• YOUR TASK:
Within the material below, locate the line with "X172426500Y-41155500D01*" and the line with "X172242889Y-39035796D01*", then return those two lines and all lines between them, exactly as written.

——————————

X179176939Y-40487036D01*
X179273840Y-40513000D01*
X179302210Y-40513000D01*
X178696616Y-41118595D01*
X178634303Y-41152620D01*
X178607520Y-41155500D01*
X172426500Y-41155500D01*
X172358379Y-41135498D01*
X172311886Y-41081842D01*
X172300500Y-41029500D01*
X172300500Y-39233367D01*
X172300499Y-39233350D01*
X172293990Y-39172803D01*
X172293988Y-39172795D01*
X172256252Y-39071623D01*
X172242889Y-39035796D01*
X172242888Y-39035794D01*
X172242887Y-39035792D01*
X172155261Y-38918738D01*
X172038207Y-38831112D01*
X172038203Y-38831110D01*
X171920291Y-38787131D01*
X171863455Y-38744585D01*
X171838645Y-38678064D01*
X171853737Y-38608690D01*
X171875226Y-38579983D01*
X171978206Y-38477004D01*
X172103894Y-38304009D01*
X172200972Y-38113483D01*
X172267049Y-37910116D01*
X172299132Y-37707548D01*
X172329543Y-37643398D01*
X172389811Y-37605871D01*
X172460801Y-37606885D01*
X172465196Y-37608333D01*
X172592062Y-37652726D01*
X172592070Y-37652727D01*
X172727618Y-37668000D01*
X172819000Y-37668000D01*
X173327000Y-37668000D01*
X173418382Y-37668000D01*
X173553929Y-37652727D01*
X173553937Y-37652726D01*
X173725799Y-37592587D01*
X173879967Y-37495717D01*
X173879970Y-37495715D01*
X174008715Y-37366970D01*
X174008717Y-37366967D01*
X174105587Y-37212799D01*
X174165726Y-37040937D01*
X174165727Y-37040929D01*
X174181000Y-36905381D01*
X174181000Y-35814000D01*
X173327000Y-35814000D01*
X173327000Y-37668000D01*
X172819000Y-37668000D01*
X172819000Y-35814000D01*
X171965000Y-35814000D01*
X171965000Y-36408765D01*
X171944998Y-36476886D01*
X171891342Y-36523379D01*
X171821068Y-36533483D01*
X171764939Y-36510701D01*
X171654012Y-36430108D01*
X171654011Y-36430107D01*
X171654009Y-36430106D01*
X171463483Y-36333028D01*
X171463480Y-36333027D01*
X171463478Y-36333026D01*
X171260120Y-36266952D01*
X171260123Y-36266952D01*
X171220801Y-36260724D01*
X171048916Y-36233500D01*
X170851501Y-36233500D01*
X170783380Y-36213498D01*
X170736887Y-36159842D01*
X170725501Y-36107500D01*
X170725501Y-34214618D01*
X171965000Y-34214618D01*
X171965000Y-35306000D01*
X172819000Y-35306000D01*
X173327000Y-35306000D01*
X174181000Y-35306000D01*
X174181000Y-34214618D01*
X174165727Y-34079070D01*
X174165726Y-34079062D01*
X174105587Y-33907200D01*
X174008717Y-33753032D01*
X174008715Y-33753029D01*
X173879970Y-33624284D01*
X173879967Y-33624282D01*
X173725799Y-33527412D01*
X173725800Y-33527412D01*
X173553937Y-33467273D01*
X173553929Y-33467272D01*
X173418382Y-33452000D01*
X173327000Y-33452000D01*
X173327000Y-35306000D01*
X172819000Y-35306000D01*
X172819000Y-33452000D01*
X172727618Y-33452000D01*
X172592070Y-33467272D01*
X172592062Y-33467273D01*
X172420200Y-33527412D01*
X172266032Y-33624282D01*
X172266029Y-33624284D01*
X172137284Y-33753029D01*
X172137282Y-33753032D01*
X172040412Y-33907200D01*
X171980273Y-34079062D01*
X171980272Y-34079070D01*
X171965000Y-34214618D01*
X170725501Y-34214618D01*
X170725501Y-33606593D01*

——————————

• PROBLEM SOLUTION:
X172426500Y-41155500D01*
X172358379Y-41135498D01*
X172311886Y-41081842D01*
X172300500Y-41029500D01*
X172300500Y-39233367D01*
X172300499Y-39233350D01*
X172293990Y-39172803D01*
X172293988Y-39172795D01*
X172256252Y-39071623D01*
X172242889Y-39035796D01*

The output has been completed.